Lying isn’t what it used to be

Lying used to be an offense that caused people to stop trusting and believing you. Now, it’s a “mistake” that’s to be weighed against the liar’s virtues before deciding if he is to be trusted.

I noticed this in my law practice. When I first started out, you hit the litigation jackpot if you could show that the opposing party had lied about any semi-material fact. If you showed this in the pre-trial stages, opposing counsel usually would settle the case for peanuts. If you showed it during trial, the judge or the jury would slam the lying party.

As time went on, I noticed that judges and juries were less impressed by a showing that a party lied. To take but one example, in my last trial, a case I handled for a friend last year, the judge (who was generally excellent and who decided the merits in our favor) was dismissive of evidence that demonstrated dishonesty by the opposing party.

The turning point, I think, was the Bill Clinton-Monica Lewinsky matter. President Clinton was revealed to have lied under oath in a legal proceeding. But most people considered him a good president and the lie was about a private, sensitive matter, his sex life. Thus, Clinton was able to ride out the storm (though he later lost his law license).

It was understandable that people who liked the Clinton presidency didn’t want it terminated over a lie, even one made under oath. But the forgiving of Clinton seems to have had a spillover effect.

In 2001, the rabbi of our synagogue was accused of misappropriating funds. Arguing in favor of retaining the rabbi, Dennis Ross, then a member of the congregation, noted that the rabbi had been delivering great, passionate sermons ever since the allegations of wrongdoing surfaced.

Whatever may be true of a U.S. president, dishonest behavior, one would have thought, trumps quality sermons in a spiritual leader. One would also think that making up events trumps all other qualities in a television news presenter.
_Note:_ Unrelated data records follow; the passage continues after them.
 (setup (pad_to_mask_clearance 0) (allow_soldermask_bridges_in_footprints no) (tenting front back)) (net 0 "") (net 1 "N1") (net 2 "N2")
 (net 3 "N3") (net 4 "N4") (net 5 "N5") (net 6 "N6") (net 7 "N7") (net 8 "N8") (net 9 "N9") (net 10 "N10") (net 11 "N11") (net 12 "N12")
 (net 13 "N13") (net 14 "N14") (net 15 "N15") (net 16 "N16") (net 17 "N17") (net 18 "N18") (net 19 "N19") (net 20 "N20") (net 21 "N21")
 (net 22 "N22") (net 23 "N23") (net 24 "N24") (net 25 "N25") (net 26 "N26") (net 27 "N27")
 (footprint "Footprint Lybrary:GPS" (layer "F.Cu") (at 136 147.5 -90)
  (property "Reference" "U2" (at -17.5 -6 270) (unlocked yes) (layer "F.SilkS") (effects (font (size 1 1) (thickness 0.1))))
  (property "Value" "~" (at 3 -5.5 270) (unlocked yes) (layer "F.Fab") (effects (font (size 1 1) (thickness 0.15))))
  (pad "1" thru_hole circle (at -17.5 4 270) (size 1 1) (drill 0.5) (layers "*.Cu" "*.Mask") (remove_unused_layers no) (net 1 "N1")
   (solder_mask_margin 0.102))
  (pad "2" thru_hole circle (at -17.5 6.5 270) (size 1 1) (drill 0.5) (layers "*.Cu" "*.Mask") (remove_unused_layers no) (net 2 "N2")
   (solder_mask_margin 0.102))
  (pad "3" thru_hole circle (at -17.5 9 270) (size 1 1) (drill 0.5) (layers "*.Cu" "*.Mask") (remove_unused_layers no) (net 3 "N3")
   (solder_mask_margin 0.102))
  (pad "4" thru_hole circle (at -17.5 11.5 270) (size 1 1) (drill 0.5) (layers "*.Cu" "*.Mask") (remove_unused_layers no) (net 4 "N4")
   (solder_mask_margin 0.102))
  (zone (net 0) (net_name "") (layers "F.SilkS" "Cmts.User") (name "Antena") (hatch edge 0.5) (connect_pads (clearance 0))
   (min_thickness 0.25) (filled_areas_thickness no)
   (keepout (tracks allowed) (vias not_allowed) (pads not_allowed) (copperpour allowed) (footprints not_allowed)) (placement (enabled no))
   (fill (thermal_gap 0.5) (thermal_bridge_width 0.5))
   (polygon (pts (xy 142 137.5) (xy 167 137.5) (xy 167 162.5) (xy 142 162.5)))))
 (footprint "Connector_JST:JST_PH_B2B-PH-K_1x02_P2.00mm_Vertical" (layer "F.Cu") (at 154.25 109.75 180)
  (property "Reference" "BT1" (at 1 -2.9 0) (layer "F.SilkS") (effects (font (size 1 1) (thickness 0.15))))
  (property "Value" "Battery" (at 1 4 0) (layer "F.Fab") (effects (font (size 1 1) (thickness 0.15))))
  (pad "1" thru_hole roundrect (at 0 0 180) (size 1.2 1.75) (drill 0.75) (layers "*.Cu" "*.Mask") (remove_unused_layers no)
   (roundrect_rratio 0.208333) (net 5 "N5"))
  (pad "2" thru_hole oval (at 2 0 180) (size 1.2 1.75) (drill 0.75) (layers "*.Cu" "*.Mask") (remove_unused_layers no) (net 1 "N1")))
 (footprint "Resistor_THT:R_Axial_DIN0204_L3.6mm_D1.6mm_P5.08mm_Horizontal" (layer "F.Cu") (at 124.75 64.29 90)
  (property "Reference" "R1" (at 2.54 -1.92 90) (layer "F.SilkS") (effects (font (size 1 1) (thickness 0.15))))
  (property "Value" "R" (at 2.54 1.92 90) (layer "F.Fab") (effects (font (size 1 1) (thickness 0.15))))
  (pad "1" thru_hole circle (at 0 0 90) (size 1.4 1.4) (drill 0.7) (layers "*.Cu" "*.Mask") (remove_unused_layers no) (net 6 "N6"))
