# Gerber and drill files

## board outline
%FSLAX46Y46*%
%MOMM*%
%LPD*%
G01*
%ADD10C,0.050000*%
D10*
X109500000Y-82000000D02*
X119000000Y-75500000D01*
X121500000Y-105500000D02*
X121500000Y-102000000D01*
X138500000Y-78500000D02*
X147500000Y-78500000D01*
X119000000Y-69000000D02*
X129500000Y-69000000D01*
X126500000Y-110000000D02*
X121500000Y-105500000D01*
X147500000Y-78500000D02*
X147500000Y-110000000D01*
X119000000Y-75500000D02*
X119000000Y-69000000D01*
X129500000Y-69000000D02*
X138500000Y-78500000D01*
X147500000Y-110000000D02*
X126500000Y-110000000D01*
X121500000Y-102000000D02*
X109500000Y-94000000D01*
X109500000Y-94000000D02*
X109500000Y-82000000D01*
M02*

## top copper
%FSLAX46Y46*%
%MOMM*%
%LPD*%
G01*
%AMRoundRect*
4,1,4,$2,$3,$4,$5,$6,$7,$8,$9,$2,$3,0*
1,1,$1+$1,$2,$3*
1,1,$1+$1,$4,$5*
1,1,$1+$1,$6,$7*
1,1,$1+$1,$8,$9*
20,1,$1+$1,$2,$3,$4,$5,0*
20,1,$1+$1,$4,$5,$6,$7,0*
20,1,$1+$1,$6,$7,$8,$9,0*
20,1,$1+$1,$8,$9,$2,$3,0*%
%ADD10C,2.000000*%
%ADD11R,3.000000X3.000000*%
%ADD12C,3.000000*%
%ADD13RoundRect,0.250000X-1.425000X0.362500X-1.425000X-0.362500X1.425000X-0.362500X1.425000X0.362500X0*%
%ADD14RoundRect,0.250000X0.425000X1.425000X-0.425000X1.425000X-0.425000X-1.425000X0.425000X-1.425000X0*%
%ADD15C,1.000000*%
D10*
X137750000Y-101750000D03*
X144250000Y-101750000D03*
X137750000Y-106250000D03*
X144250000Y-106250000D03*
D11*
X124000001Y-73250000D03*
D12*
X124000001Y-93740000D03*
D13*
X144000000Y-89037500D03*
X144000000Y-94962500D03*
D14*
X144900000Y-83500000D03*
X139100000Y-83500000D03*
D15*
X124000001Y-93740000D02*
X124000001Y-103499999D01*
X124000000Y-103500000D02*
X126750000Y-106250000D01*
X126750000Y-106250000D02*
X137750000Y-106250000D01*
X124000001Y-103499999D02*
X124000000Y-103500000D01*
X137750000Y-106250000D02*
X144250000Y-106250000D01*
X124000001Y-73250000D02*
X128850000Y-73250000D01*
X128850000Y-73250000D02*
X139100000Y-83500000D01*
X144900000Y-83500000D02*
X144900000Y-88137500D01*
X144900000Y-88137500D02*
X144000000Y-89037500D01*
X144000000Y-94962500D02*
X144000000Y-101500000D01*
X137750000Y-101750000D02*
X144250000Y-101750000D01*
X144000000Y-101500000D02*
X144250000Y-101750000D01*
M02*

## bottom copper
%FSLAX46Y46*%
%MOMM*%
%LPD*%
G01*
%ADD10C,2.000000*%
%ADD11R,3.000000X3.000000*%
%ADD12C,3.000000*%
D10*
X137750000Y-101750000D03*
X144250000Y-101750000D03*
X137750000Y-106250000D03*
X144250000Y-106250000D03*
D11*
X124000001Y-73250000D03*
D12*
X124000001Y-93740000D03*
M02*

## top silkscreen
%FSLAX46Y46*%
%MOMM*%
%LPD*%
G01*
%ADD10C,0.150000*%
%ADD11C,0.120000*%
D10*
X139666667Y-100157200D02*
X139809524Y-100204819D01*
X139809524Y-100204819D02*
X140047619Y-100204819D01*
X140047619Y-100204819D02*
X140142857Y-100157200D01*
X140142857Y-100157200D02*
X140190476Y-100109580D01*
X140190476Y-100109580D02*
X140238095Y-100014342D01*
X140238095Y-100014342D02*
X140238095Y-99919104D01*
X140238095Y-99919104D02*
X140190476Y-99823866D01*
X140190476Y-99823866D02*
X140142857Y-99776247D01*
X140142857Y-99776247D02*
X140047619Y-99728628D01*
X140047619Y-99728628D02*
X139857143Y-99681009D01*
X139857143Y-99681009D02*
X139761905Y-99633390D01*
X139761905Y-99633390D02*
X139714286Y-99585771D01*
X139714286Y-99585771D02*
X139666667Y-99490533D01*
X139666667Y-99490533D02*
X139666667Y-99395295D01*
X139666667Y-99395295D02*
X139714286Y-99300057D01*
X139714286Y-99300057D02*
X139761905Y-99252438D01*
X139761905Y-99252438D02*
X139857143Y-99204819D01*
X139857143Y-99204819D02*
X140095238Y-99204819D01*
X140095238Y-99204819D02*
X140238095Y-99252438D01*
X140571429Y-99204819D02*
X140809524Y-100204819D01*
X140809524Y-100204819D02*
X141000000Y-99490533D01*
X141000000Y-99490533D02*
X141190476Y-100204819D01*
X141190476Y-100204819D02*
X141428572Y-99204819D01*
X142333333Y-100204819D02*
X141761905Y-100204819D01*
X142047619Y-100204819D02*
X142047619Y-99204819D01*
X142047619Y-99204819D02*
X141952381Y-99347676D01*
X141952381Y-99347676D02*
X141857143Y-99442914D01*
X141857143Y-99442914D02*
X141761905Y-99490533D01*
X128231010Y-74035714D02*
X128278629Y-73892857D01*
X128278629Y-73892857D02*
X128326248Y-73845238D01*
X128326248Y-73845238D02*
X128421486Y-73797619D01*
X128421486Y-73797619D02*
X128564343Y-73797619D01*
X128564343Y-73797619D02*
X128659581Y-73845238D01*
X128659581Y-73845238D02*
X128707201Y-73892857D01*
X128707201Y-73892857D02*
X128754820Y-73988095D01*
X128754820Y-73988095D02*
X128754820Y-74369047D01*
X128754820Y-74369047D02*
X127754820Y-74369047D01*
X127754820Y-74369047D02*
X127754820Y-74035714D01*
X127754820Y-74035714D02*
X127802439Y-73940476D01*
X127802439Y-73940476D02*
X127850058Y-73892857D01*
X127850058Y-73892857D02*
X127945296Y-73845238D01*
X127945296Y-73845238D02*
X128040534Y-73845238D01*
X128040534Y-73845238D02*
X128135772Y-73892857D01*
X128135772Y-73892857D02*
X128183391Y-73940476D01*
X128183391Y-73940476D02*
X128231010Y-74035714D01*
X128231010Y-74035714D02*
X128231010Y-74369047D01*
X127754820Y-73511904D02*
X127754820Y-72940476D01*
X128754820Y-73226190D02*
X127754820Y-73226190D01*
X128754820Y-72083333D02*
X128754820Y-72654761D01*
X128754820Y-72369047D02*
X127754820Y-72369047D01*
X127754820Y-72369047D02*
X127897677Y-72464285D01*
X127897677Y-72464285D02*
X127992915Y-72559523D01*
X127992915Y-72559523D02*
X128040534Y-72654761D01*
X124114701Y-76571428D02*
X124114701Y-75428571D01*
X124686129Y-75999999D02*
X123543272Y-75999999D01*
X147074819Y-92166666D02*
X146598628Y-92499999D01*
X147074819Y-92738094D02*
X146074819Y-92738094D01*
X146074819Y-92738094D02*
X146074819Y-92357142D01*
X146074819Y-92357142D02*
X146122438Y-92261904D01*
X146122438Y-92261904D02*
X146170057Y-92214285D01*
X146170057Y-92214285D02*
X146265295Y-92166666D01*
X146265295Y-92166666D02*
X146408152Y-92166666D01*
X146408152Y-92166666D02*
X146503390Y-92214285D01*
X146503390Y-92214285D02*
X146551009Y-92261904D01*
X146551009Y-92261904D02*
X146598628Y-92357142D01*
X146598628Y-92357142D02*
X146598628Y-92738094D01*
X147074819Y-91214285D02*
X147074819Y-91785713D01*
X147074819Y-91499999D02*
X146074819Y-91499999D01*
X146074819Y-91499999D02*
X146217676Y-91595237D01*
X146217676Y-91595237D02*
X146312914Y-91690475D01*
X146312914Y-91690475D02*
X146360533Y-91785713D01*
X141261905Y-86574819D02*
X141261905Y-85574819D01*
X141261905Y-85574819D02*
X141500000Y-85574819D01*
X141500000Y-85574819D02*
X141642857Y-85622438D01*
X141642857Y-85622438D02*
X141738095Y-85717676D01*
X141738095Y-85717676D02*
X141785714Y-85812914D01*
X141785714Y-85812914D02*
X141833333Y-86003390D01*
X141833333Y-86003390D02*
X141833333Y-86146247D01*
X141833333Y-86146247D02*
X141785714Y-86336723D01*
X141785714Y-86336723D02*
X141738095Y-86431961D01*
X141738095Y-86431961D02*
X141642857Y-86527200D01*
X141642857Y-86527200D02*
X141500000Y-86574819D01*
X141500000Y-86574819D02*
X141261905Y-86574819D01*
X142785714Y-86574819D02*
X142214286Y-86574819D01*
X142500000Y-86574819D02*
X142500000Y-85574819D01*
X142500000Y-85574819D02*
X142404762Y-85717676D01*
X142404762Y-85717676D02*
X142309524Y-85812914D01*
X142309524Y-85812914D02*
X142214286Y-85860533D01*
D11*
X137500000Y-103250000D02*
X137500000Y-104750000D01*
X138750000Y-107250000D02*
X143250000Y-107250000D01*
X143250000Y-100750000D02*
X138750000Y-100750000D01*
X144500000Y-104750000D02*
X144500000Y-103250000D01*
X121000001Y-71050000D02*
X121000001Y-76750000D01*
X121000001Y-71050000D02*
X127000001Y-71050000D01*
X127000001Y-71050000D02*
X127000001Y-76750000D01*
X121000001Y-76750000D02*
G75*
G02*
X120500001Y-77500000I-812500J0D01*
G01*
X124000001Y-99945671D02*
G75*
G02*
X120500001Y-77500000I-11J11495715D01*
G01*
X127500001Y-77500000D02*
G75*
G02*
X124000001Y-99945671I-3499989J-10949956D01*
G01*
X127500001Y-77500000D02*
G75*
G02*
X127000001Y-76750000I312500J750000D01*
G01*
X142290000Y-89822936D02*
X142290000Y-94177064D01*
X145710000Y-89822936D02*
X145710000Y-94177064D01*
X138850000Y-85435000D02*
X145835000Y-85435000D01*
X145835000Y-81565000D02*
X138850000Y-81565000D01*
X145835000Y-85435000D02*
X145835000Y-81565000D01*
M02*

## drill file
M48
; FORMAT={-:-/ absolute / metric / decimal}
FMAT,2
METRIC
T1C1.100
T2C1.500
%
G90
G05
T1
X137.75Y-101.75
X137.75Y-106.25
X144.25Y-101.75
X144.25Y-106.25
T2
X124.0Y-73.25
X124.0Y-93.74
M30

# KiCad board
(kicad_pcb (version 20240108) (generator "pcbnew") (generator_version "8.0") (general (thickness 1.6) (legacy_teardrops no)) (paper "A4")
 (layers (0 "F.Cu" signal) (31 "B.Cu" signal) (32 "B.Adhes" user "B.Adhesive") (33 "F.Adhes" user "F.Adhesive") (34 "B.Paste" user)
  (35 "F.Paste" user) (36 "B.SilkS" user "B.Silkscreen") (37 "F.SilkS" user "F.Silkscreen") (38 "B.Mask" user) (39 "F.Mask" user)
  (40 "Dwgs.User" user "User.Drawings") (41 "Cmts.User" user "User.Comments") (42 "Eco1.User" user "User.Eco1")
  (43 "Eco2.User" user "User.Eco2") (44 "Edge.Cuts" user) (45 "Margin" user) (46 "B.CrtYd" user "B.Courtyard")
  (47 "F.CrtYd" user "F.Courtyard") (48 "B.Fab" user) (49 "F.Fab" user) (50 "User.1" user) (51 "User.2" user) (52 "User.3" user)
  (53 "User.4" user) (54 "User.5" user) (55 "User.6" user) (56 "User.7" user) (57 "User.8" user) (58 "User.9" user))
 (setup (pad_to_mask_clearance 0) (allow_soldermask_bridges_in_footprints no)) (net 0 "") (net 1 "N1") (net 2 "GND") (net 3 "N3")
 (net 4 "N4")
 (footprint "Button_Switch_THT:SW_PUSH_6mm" (layer "F.Cu") (at 137.75 101.75)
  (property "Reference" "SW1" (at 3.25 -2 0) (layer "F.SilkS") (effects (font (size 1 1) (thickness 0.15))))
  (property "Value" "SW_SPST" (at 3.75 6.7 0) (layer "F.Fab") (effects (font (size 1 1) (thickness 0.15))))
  (fp_line (start -0.25 1.5) (end -0.25 3) (stroke (width 0.12) (type solid)) (layer "F.SilkS"))
  (fp_line (start 1 5.5) (end 5.5 5.5) (stroke (width 0.12) (type solid)) (layer "F.SilkS"))
  (fp_line (start 5.5 -1) (end 1 -1) (stroke (width 0.12) (type solid)) (layer "F.SilkS"))
  (fp_line (start 6.75 3) (end 6.75 1.5) (stroke (width 0.12) (type solid)) (layer "F.SilkS"))
  (pad "1" thru_hole circle (at 0 0 90) (size 2 2) (drill 1.1) (layers "*.Cu" "*.Mask") (remove_unused_layers no) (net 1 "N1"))
  (pad "1" thru_hole circle (at 6.5 0 90) (size 2 2) (drill 1.1) (layers "*.Cu" "*.Mask") (remove_unused_layers no) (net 1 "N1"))
  (pad "2" thru_hole circle (at 0 4.5 90) (size 2 2) (drill 1.1) (layers "*.Cu" "*.Mask") (remove_unused_layers no) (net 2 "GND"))
  (pad "2" thru_hole circle (at 6.5 4.5 90) (size 2 2) (drill 1.1) (layers "*.Cu" "*.Mask") (remove_unused_layers no) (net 2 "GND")))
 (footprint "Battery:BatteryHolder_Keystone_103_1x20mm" (layer "F.Cu") (at 124.000001 73.25 -90)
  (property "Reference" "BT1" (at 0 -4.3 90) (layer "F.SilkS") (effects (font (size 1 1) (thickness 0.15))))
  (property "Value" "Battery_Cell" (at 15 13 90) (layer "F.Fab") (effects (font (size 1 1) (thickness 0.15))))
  (fp_line (start -2.2 3) (end 3.5 3) (stroke (width 0.12) (type solid)) (layer "F.SilkS"))
  (fp_line (start -2.2 3) (end -2.2 -3) (stroke (width 0.12) (type solid)) (layer "F.SilkS"))
  (fp_line (start -2.2 -3) (end 3.5 -3) (stroke (width 0.12) (type solid)) (layer "F.SilkS"))
  (fp_arc (start 3.5 3) (mid 3.950694 3.136459) (end 4.25 3.5) (stroke (width 0.12) (type solid)) (layer "F.SilkS"))
  (fp_arc (start 26.695671 0) (mid 16.971103 11.358466) (end 4.25 3.5) (stroke (width 0.12) (type solid)) (layer "F.SilkS"))
  (fp_arc (start 4.25 -3.5) (mid 16.971103 -11.358466) (end 26.695671 0) (stroke (width 0.12) (type solid)) (layer "F.SilkS"))
  (fp_arc (start 4.25 -3.5) (mid 3.950694 -3.136459) (end 3.5 -3) (stroke (width 0.12) (type solid)) (layer "F.SilkS"))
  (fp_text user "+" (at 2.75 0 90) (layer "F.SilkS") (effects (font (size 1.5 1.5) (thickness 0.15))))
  (pad "1" thru_hole rect (at 0 0 270) (size 3 3) (drill 1.5) (layers "*.Cu" "*.Mask") (remove_unused_layers no) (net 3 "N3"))
  (pad "2" thru_hole circle (at 20.49 0 270) (size 3 3) (drill 1.5) (layers "*.Cu" "*.Mask") (remove_unused_layers no) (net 2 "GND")))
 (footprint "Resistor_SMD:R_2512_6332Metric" (layer "F.Cu") (at 144 92 -90)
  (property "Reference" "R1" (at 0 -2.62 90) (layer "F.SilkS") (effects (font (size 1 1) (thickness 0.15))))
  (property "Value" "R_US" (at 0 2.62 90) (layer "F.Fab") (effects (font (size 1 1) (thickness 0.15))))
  (fp_line (start -2.177064 1.71) (end 2.177064 1.71) (stroke (width 0.12) (type solid)) (layer "F.SilkS"))
  (fp_line (start -2.177064 -1.71) (end 2.177064 -1.71) (stroke (width 0.12) (type solid)) (layer "F.SilkS"))
  (pad "1" smd roundrect (at -2.9625 0 270) (size 1.225 3.35) (layers "F.Cu" "F.Paste" "F.Mask") (roundrect_rratio 0.204082) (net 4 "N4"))
  (pad "2" smd roundrect (at 2.9625 0 270) (size 1.225 3.35) (layers "F.Cu" "F.Paste" "F.Mask") (roundrect_rratio 0.204082) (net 1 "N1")))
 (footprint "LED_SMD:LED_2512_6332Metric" (layer "F.Cu") (at 142 83.5 180)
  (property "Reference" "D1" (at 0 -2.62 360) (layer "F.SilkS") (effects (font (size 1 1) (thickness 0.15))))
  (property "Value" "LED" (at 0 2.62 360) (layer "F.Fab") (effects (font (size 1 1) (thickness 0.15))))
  (fp_line (start 3.15 -1.935) (end -3.835 -1.935) (stroke (width 0.12) (type solid)) (layer "F.SilkS"))
  (fp_line (start -3.835 1.935) (end 3.15 1.935) (stroke (width 0.12) (type solid)) (layer "F.SilkS"))
  (fp_line (start -3.835 -1.935) (end -3.835 1.935) (stroke (width 0.12) (type solid)) (layer "F.SilkS"))
  (pad "1" smd roundrect (at -2.9 0 180) (size 1.35 3.35) (layers "F.Cu" "F.Paste" "F.Mask") (roundrect_rratio 0.185185) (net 4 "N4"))
  (pad "2" smd roundrect (at 2.9 0 180) (size 1.35 3.35) (layers "F.Cu" "F.Paste" "F.Mask") (roundrect_rratio 0.185185) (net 3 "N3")))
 (gr_line (start 109.5 82) (end 119 75.5) (stroke (width 0.05) (type default)) (layer "Edge.Cuts"))
 (gr_line (start 121.5 105.5) (end 121.5 102) (stroke (width 0.05) (type default)) (layer "Edge.Cuts"))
But righteous behavior may not be central to the true job description of a “spiritual leader” in ultra-liberal Bethesda, Maryland (though in fairness, this particular rabbi lost his job). Saying the right things and putting on a good show may count for more.

Similarly, honest reporting of events may not be central to the true job description of a network news anchor. In the view of the networks that employ them, the anchorman’s job may have more to do with being a calming presence, someone you want to invite into your home.

Bill O’Reilly tells us that Brian Williams “is not a bad guy.” Jonah Goldberg says that if Williams were his friend, he wouldn’t end the friendship just because Williams falsely claimed he came under attack in Iraq.

I have no reason to disagree with O’Reilly and I tend to agree with Goldberg. But their statements have no bearing on whether Williams should retain his job as presenter of the news.

Lying isn’t what it used to be. And if Williams keeps his job, lying isn’t much of anything at all.